B56δ-related protein phosphatase 2A dysfunction identified in patients with intellectual disability
Houge G., Haesen D., Vissers LELM., Mehta S., Parker MJ., Wright M., Vogt J., McKee S., Tolmie JL., Cordeiro N., Kleefstra T., Willemsen MH., Reijnders MRF., Berland S., Hayman E., Lahat E., Brilstra EH., Van Gassen KLI., Zonneveld-Huijssoon E., De Bie CI., Hoischen A., Eichler EE., Holdhus R., Steen VM., Døskeland SO., Hurles ME., FitzPatrick DR., Janssens V.

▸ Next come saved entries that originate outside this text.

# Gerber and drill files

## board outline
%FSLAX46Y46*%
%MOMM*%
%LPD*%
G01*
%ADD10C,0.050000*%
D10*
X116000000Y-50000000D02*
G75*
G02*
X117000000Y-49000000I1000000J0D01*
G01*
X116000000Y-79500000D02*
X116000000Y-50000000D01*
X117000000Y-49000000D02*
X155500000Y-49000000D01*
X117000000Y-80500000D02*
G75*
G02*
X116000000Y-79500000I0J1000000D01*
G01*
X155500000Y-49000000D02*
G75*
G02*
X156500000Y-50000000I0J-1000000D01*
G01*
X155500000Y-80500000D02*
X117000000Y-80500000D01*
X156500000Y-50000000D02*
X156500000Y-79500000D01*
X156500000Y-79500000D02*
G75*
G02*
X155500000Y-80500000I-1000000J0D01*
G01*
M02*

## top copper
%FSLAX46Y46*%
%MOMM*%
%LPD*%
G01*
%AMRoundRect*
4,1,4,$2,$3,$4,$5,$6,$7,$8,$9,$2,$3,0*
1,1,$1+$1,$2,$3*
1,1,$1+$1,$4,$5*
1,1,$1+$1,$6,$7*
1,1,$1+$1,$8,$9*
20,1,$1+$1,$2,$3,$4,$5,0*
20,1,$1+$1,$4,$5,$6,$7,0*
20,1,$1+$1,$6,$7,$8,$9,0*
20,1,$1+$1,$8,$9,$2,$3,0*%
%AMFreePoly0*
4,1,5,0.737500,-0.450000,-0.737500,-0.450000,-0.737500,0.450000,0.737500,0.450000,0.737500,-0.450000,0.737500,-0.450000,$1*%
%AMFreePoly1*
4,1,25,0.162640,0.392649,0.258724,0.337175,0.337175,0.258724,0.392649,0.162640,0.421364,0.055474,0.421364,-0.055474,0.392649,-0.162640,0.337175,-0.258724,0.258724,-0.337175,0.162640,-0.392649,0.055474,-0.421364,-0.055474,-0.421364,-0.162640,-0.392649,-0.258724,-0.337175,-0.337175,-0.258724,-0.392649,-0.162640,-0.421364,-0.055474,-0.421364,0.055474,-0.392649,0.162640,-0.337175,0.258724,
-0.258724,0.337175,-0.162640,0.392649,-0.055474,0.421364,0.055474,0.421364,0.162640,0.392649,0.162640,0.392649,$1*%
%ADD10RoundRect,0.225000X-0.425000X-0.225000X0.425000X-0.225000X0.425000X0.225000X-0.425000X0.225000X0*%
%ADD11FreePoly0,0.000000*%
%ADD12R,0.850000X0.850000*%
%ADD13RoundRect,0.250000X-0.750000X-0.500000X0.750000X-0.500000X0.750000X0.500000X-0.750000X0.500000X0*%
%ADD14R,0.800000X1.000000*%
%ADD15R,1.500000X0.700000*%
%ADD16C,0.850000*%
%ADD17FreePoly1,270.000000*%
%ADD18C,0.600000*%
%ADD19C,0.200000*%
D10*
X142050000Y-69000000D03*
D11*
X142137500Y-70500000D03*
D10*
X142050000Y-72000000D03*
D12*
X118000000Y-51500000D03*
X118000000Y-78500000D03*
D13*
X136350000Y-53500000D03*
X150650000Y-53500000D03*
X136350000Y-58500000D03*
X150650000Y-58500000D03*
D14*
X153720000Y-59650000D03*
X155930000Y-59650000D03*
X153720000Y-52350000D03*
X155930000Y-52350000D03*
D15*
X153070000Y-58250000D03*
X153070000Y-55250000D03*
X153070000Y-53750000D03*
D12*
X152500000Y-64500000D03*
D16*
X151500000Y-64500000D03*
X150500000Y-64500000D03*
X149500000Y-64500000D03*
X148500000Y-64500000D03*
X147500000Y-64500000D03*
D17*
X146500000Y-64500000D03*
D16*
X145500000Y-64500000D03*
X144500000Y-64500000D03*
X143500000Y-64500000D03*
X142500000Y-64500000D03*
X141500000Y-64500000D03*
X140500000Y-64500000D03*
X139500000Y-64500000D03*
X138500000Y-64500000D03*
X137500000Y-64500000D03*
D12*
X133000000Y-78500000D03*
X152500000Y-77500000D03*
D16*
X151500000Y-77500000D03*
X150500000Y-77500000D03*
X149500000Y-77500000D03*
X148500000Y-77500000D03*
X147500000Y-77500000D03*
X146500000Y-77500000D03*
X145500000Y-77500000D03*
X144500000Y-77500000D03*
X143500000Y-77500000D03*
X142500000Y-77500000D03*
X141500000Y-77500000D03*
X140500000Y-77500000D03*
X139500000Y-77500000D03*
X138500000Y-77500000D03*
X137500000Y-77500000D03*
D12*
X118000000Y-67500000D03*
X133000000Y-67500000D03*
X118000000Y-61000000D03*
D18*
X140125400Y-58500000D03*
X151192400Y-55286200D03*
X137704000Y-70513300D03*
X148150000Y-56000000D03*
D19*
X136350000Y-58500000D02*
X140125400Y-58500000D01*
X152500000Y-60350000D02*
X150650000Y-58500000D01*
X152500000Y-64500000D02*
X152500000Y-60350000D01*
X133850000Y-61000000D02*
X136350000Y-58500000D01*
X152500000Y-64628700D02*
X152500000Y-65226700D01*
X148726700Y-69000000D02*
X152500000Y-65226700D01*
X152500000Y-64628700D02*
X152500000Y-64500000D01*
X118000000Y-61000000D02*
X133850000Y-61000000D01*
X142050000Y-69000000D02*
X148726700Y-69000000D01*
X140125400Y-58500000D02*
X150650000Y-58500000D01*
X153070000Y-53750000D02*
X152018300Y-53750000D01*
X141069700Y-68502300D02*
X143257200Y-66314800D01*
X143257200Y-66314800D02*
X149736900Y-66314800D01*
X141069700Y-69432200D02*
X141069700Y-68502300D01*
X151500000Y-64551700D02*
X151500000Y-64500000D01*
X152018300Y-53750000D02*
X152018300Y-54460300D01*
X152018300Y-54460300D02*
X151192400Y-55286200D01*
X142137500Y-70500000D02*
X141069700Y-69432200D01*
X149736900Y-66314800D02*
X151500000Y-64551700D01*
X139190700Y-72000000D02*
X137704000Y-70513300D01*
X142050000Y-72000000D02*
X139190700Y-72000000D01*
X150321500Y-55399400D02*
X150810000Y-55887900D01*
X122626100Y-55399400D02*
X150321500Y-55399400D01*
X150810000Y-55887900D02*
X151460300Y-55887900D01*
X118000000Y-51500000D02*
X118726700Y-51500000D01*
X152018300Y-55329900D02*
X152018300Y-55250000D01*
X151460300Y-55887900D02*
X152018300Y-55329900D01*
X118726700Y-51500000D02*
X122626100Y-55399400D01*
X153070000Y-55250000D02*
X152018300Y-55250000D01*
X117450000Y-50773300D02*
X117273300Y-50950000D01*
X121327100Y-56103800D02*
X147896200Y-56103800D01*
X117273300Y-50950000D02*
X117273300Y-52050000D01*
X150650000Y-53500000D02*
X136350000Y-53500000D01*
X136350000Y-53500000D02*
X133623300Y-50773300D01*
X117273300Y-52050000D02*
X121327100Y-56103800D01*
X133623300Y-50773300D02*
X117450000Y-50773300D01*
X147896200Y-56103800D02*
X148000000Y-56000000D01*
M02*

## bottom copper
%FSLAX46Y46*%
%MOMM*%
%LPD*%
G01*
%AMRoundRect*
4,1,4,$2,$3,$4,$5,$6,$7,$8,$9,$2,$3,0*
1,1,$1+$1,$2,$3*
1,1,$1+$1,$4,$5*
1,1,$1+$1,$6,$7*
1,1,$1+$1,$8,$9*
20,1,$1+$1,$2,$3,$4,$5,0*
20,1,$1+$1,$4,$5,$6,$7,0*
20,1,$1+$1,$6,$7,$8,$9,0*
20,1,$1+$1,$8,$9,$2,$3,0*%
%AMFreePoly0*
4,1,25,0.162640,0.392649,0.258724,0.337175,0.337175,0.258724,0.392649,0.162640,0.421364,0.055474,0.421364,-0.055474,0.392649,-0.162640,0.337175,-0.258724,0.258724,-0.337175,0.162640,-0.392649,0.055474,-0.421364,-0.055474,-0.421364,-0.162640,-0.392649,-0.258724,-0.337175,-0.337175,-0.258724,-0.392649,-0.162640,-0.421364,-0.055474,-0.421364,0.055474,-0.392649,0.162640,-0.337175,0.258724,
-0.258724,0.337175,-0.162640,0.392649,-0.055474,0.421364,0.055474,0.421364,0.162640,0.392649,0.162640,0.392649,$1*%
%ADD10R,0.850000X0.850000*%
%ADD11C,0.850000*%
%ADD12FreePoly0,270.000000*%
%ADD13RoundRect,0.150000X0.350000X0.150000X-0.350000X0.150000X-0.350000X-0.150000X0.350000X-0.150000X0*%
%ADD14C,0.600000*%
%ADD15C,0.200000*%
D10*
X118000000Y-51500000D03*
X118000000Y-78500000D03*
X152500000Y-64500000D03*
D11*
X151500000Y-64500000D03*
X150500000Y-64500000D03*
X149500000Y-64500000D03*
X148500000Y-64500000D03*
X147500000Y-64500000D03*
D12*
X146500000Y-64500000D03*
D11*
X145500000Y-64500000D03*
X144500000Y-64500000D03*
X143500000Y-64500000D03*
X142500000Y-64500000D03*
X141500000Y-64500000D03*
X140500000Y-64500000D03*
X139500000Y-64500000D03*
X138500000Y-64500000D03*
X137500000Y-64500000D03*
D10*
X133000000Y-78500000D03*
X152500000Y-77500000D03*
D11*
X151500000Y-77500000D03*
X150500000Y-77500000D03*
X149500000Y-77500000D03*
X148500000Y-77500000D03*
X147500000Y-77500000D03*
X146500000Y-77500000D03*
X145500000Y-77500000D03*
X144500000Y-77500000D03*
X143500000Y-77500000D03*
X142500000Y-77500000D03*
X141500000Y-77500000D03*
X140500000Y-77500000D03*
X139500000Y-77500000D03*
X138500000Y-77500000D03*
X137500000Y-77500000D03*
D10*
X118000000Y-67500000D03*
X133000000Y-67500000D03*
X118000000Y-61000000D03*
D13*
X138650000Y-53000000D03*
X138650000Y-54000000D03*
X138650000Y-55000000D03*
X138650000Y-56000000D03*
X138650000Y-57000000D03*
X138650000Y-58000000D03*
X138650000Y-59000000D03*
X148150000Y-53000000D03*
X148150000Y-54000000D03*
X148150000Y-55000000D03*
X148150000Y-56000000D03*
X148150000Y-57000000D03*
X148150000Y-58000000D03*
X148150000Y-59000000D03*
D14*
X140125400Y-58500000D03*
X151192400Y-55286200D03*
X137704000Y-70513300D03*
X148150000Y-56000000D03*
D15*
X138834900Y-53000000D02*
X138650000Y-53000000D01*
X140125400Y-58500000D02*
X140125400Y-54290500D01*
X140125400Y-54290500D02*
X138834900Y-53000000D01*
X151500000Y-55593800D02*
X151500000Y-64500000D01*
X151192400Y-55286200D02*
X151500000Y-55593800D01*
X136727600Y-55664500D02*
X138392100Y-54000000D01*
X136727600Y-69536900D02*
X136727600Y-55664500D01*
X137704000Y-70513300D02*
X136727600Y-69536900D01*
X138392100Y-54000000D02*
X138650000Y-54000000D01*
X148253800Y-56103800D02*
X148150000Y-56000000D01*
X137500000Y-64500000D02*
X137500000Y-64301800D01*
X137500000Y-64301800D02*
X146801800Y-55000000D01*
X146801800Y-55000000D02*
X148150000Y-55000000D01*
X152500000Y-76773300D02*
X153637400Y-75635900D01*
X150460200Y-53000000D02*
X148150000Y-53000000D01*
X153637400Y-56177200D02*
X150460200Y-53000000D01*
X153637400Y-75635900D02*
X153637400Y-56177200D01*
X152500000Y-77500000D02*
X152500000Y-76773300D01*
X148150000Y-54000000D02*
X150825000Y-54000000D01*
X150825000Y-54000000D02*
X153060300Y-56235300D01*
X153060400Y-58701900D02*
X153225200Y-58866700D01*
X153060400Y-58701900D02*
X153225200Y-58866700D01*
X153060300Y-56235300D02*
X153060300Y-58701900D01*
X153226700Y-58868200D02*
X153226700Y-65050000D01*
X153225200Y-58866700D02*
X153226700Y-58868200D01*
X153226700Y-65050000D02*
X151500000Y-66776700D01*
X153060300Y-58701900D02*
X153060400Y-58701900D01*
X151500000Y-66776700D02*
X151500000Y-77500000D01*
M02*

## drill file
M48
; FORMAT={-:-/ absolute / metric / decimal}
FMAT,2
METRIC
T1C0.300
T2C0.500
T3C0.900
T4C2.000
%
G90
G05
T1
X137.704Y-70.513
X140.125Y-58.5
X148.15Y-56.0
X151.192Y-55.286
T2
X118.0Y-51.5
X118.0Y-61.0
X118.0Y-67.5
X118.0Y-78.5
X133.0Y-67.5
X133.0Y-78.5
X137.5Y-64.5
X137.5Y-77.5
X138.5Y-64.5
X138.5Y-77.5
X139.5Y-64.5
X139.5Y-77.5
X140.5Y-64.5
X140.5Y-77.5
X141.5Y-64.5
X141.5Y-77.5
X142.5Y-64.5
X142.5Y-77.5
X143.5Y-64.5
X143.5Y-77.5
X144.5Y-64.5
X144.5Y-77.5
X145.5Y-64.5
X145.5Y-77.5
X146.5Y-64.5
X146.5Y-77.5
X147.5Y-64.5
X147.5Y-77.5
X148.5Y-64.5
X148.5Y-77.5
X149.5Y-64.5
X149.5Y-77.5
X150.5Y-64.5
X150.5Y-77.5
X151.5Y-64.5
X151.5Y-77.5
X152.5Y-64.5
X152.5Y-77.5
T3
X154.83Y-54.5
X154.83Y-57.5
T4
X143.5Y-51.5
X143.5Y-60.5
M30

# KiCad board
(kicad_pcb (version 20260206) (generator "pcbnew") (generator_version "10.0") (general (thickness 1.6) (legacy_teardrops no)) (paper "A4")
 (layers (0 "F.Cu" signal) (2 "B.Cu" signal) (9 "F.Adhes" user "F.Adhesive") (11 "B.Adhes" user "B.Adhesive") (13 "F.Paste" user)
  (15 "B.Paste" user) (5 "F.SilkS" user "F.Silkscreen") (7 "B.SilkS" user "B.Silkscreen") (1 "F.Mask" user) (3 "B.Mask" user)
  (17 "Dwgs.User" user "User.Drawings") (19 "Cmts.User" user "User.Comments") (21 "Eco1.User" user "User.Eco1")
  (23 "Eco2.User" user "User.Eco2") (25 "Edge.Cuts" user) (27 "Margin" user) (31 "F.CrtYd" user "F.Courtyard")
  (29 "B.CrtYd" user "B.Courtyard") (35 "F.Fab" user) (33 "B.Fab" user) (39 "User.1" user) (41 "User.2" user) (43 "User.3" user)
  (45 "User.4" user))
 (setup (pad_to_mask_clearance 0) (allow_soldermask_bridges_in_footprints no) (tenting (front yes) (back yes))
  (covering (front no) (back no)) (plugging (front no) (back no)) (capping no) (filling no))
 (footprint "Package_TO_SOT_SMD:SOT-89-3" (layer "F.Cu") (at 144 70.5)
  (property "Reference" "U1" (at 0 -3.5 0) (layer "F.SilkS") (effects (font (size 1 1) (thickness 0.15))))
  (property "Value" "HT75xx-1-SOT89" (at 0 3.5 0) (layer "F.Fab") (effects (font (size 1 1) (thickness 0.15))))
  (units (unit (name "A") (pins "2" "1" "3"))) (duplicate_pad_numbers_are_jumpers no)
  (pad "1" smd roundrect (at -1.95 -1.5) (size 1.3 0.9) (layers "F.Cu" "F.Mask" "F.Paste") (roundrect_rratio 0.25) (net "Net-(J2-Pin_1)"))
  (pad "2" smd custom (at -1.8625 0) (size 1.475 0.9) (layers "F.Cu" "F.Mask" "F.Paste") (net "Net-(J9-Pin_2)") (zone_connect 2)
   (thermal_bridge_angle 45) (options (clearance outline) (anchor rect)) (primitives))
  (pad "3" smd roundrect (at -1.95 1.5) (size 1.3 0.9) (layers "F.Cu" "F.Mask" "F.Paste") (roundrect_rratio 0.25) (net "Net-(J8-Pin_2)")))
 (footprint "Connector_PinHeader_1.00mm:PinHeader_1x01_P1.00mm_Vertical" (layer "F.Cu") (at 118 51.5 90)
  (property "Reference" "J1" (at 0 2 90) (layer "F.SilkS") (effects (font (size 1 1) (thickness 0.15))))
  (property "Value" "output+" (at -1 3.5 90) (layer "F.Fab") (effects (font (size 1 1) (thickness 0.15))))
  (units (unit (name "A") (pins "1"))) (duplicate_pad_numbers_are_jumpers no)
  (pad "1" thru_hole rect (at 0 0 90) (size 0.85 0.85) (drill 0.5) (layers "*.Cu" "*.Mask") (remove_unused_layers no) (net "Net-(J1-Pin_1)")))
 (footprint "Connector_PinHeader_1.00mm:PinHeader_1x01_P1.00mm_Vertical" (layer "F.Cu") (at 118 78.5 90)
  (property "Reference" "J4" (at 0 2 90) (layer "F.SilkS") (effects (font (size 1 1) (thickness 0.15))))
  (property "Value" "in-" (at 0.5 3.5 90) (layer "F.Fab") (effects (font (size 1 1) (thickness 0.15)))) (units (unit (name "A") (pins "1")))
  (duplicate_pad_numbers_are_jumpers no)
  (pad "1" thru_hole rect (at 0 0 90) (size 0.85 0.85) (drill 0.5) (layers "*.Cu" "*.Mask") (remove_unused_layers no)
   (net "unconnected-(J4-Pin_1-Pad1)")))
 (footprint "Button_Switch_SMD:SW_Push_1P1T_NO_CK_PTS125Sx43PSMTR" (layer "F.Cu") (at 143.5 56)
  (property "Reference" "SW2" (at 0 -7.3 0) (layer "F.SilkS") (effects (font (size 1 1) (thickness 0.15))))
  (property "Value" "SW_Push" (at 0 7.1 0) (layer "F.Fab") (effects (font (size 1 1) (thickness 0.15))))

Here we report inherited dysregulation of protein phosphatase activity as a cause of intellectual disability (ID). De novo missense mutations in 2 subunits of serine/threonine (Ser/Thr) protein phosphatase 2A (PP2A) were identified in 16 individuals with mild to severe ID, long-lasting hypotonia, epileptic susceptibility, frontal bossing, mild hypertelorism, and downslanting palpebral fissures. PP2A comprises catalytic (C), scaffolding (A), and regulatory (B) subunits that determine subcellular anchoring, substrate specificity, and physiological function. Ten patients had mutations within a highly conserved acidic loop of the PPP2R5D-encoded B56δ regulatory subunit, with the same E198K mutation present in 6 individuals. Five patients had mutations in the PPP2R1A-encoded scaffolding Aα subunit, with the same R182W mutation in 3 individuals. Some Aα cases presented with large ventricles, causing macrocephaly and hydrocephalus suspicion, and all cases exhibited partial or complete corpus callosum agenesis. Functional evaluation revealed that mutant A and B subunits were stable and uncoupled from phosphatase activity. Mutant B56δ was A and C binding-deficient, while mutant Aα subunits bound B56δ well but were unable to bind C or bound a catalytically impaired C, suggesting a dominant-negative effect where mutant subunits hinder dephosphorylation of B56δ-anchored substrates. Moreover, mutant subunit overexpression resulted in hyperphosphorylation of GSK3β, a B56δ-regulated substrate. This effect was in line with clinical observations, supporting a correlation between the ID degree and biochemical disturbance.